Tres años captando lo que pasa y lo que viene

Más de 700 personajes han pasado por la mira de ‘El Radar’. Su director habla de su equipo de periodistas y recuerda la mejor ‘chiva’, la entrevista más complicada y la más divertida.

¿Por qué un nombre medio militar para un programa de opinión?

Porque el nombre también es medio civil. El radar no es de uso privativo de las fuerzas armadas.

La mayor chiva de ‘El Radar’.

Cuando rescataron a Íngrid, en Palacio todo estaba arreglado para que “la compe” la entrevistara. Jorge Alfredo la “interceptó” en el camino y la tuvo primero y durante 20 minutos.

¿Cuántos empleados de Caracol hay detrás de ‘El Radar’?

Directamente, 12. Indirectamente, muchos.

¿Cómo controlar el ego periodístico en un medio que reúne a tantos periodistas?

No hay que controlarlo. Hay que respetarlo.

¿Cómo celebraron los tres años?

Gustavo Gómez nos hizo homenaje en Caracol. Lo bueno de tener un compañero con programa de radio propio.

Una entrevista complicada...

Fito Páez.

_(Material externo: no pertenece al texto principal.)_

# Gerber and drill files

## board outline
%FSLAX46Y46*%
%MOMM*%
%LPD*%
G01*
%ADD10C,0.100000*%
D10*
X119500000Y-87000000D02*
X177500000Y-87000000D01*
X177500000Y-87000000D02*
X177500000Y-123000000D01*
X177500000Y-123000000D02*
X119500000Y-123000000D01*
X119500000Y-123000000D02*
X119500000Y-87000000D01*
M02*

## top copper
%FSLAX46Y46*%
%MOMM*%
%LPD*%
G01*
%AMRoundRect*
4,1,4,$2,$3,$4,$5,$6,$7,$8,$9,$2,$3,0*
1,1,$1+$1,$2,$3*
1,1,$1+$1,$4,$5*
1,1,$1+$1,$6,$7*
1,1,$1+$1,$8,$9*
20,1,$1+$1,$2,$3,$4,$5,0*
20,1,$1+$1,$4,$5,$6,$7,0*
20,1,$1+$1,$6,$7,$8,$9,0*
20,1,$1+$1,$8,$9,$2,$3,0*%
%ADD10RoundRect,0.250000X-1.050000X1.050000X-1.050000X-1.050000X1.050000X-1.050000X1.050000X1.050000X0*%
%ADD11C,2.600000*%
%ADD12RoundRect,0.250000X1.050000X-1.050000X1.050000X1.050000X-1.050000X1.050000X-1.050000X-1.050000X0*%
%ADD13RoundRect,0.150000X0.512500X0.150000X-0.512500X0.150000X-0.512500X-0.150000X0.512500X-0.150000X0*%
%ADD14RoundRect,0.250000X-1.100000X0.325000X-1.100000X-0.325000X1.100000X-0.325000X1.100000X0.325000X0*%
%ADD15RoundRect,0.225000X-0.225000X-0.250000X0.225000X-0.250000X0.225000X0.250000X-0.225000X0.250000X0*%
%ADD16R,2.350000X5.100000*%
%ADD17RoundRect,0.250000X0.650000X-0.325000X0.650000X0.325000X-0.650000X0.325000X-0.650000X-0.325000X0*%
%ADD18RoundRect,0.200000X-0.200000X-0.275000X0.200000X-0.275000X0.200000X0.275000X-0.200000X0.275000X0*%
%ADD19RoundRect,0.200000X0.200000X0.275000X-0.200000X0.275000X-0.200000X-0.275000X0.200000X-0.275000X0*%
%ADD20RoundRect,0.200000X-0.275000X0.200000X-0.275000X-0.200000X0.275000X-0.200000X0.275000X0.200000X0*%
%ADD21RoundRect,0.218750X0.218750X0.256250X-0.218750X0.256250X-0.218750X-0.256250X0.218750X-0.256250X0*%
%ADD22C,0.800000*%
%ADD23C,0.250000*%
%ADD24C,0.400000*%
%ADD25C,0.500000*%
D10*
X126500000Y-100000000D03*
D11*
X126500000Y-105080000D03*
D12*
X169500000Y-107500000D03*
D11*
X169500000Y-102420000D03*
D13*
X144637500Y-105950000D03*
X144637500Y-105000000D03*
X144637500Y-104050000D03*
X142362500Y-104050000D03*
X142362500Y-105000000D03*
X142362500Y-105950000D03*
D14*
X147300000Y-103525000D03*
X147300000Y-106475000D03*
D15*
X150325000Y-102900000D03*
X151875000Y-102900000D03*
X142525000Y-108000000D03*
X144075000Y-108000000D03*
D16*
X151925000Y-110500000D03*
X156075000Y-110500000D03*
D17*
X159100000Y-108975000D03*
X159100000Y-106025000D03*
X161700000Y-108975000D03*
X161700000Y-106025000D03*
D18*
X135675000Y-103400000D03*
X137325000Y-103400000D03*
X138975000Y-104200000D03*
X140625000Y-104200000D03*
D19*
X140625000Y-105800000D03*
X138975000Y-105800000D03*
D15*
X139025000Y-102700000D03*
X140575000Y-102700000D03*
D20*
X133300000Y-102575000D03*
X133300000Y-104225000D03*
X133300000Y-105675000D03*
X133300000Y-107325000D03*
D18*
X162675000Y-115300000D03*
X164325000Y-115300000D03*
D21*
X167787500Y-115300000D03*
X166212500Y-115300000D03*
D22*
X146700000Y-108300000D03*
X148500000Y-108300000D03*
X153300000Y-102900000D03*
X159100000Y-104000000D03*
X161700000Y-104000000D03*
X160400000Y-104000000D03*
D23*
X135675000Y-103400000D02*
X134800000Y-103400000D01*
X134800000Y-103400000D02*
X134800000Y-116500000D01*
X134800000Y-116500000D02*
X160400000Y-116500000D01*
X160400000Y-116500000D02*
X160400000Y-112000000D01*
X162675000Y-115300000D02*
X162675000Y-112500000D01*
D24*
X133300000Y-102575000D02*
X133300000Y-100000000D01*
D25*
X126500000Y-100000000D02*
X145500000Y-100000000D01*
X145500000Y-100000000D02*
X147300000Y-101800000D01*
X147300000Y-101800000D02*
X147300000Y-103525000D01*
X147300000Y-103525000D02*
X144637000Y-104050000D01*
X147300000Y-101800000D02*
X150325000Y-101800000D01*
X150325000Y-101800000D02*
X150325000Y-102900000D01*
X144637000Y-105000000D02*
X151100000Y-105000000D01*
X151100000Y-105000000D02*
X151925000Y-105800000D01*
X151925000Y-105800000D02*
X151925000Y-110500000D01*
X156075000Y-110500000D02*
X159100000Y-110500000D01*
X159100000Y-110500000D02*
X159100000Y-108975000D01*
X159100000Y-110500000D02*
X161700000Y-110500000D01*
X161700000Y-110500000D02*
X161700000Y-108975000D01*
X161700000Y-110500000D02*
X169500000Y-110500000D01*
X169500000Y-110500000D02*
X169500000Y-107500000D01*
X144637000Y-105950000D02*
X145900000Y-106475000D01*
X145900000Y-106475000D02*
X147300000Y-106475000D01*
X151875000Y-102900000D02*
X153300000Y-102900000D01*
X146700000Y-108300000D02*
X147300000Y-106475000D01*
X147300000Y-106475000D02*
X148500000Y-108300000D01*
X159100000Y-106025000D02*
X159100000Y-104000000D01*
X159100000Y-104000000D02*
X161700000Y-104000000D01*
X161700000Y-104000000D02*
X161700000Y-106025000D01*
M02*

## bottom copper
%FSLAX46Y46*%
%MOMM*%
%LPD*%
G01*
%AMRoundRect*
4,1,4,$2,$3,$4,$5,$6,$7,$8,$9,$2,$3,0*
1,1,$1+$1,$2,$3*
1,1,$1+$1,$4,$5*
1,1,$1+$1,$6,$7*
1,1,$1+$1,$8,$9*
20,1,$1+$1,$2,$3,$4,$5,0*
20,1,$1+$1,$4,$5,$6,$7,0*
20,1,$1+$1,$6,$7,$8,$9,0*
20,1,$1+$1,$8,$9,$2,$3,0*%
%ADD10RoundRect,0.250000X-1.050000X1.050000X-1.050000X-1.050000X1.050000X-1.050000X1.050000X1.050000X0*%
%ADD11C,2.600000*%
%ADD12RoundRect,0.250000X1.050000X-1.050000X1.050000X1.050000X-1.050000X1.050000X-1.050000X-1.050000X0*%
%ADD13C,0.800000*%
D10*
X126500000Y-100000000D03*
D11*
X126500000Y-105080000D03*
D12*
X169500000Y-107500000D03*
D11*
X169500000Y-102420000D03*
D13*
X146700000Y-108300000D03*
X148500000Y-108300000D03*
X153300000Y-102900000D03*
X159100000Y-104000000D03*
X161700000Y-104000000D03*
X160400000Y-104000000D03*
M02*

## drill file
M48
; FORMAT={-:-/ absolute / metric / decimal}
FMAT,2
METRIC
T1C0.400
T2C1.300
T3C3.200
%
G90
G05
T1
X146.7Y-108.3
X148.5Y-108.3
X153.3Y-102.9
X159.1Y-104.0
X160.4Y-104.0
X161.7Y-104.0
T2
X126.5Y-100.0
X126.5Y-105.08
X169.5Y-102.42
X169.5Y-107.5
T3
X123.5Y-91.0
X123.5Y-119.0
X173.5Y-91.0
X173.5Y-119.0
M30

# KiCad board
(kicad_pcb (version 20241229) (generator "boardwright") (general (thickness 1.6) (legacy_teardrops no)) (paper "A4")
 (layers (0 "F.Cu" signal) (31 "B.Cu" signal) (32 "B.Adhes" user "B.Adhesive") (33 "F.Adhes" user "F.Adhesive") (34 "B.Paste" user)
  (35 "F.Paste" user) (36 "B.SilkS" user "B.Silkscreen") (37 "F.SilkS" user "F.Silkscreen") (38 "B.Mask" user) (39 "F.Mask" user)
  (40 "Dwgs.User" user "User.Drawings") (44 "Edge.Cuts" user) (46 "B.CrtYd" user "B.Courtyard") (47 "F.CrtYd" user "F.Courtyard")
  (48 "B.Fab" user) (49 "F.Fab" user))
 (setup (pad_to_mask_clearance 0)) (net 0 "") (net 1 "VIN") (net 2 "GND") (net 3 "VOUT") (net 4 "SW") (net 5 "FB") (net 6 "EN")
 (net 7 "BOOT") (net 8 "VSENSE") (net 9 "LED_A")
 (gr_line (start 119.5 87) (end 177.5 87) (stroke (width 0.1) (type default)) (layer "Edge.Cuts"))
 (gr_line (start 177.5 87) (end 177.5 123) (stroke (width 0.1) (type default)) (layer "Edge.Cuts"))
 (gr_line (start 177.5 123) (end 119.5 123) (stroke (width 0.1) (type default)) (layer "Edge.Cuts"))
 (gr_line (start 119.5 123) (end 119.5 87) (stroke (width 0.1) (type default)) (layer "Edge.Cuts"))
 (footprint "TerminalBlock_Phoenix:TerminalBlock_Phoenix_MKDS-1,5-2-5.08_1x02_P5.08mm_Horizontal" (layer "F.Cu") (at 126.5 100 -90)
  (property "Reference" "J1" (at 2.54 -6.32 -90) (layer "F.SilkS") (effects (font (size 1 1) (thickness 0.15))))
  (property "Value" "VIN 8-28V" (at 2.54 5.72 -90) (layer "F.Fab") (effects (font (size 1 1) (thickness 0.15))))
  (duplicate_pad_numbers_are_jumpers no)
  (pad "1" thru_hole roundrect (at 0 0 -90) (size 2.6 2.6) (drill 1.3) (layers "*.Cu" "*.Mask") (remove_unused_layers no)
   (roundrect_rratio 0.096154) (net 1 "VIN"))
  (pad "2" thru_hole circle (at 5.08 0 -90) (size 2.6 2.6) (drill 1.3) (layers "*.Cu" "*.Mask") (remove_unused_layers no) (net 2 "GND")))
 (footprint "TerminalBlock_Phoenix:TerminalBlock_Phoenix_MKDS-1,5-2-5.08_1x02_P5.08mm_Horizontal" (layer "F.Cu") (at 169.5 107.5 90)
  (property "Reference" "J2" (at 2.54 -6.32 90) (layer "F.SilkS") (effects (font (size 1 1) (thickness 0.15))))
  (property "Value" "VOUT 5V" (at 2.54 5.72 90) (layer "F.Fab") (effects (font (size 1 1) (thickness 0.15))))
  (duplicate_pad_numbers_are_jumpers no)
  (pad "1" thru_hole roundrect (at 0 0 90) (size 2.6 2.6) (drill 1.3) (layers "*.Cu" "*.Mask") (remove_unused_layers no)
   (roundrect_rratio 0.096154) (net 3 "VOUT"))
  (pad "2" thru_hole circle (at 5.08 0 90) (size 2.6 2.6) (drill 1.3) (layers "*.Cu" "*.Mask") (remove_unused_layers no) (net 2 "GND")))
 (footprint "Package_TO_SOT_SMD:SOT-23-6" (layer "F.Cu") (at 143.5 105 180)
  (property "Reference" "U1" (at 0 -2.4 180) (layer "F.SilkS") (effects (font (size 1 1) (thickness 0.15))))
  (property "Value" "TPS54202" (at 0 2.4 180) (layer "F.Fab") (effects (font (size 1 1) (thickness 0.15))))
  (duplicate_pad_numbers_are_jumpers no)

Me trató muy mal y lo peor es que los televidentes se unieron con él y me dijeron hasta misa.

Una divertida...

Con Pablo Pineda, el licenciado español con síndrome de Down que se representó a sí mismo en una película.

Una exclusiva...

Bill Clinton.

¿Qué significan Tola y Maruja para ‘El Radar’?

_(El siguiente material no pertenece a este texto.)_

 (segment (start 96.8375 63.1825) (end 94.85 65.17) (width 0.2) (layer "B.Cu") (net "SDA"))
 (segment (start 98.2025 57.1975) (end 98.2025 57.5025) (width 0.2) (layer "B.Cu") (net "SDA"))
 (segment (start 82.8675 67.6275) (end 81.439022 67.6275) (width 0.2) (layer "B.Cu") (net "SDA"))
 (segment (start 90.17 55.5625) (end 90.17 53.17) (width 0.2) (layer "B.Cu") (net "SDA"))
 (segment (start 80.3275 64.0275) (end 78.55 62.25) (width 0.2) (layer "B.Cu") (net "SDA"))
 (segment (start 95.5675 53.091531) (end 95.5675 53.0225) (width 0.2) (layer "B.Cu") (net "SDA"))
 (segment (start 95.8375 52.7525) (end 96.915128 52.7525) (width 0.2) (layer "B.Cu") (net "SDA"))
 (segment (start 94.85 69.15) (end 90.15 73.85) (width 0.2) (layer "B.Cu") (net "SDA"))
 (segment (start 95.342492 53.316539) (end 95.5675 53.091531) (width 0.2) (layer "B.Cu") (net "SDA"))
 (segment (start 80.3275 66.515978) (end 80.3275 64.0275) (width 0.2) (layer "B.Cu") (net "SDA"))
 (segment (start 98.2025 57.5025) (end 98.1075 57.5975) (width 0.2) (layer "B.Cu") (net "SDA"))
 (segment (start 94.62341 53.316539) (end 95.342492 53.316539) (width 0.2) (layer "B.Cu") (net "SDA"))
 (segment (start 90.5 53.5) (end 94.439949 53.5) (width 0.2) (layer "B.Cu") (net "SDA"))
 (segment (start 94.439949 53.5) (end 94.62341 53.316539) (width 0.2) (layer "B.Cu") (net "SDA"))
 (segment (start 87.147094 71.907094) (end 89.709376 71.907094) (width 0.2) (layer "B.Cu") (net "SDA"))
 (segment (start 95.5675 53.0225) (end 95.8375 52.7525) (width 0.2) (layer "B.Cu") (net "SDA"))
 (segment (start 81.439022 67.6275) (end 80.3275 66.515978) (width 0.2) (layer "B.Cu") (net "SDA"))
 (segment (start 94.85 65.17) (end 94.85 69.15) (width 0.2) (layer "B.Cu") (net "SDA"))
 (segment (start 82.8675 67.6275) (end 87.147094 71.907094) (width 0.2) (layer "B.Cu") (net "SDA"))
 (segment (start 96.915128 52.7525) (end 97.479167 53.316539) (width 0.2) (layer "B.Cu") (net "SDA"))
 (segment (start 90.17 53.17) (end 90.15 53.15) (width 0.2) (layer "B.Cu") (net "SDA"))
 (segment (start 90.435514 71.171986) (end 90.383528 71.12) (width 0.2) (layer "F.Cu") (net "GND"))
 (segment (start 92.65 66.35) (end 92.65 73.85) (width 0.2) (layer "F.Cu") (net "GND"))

Una alegría, una gran responsabilidad y una tremenda irresponsabilidad.

Una anécdota junto a ellas.

Como tengo dificultades para reírme a carcajadas, una vez que les tocó conmigo en el set Tola dijo que pusieran risas grabadas.

¿El periodista más osado?

Antonio Morales usa un lenguaje irreverente y en muchos temas se mete sin recato.

¿El más divertido?

Gustavo Gómez sorprende siempre. Al público y a los mismos entrevistados.

¿El más cascarrabias?

No respondo por mi propia seguridad.

¿El más intenso?

No aplica. La intensidad de todos nos sirve mucho.

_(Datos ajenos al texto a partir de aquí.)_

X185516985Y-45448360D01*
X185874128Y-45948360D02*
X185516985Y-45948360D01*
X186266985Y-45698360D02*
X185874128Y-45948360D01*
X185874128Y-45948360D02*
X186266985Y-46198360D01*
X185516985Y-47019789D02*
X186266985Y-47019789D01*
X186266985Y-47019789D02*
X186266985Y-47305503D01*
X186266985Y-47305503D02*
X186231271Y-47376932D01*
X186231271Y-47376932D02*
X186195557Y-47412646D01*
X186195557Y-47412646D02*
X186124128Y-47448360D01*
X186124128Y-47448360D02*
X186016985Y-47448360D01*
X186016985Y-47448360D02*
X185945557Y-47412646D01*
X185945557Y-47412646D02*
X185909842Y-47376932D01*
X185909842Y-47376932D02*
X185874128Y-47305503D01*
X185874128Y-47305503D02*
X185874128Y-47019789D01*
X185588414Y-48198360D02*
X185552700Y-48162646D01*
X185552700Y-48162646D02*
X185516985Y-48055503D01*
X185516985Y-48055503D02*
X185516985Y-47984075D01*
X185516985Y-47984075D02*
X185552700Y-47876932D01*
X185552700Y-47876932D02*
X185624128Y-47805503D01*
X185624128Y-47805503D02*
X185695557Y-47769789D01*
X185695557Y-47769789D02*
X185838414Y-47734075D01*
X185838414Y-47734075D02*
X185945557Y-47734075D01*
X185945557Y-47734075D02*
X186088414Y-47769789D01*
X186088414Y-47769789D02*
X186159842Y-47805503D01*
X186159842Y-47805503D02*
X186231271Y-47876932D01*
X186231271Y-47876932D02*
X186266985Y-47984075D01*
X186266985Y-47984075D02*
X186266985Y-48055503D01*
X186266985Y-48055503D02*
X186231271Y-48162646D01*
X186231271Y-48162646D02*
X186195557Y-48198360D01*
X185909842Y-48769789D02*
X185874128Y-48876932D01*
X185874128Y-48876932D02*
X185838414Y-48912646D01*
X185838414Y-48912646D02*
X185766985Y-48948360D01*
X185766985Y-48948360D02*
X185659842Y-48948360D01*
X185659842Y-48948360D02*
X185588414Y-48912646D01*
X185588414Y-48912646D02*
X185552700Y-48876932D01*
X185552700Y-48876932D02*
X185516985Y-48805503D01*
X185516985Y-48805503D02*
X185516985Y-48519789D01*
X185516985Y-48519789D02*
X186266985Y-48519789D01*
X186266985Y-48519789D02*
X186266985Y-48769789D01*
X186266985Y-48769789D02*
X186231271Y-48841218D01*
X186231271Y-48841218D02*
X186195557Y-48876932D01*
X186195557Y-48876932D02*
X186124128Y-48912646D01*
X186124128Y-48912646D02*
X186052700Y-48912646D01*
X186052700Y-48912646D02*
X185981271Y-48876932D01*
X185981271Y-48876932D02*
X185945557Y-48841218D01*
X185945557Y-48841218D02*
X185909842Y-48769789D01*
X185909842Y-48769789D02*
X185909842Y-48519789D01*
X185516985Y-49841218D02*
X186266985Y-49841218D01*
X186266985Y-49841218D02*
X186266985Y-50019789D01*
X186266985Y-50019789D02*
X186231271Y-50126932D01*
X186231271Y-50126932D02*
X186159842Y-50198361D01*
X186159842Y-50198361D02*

¿Le hace falta la competencia?

Competencia hay. Y mucha, porque la oferta de televisión en la noche es muy variada.

¿Alguna vez ha caído en el radar de la Policía de Tránsito?

Sí, pero he salido ileso.

¿Los programas de investigación periodística marcan buen ‘rating’?

Claro, basta con ver el ‘rating’ de Séptimo Día.

¿Cómo enfrentar el problema de la hora de emisión y el sueño del televidente?

Ofreciéndoles, como lo hacemos, el programa en nuestra página www.caracoltv.com.

¿Cuál fue el día de mayor audiencia del programa?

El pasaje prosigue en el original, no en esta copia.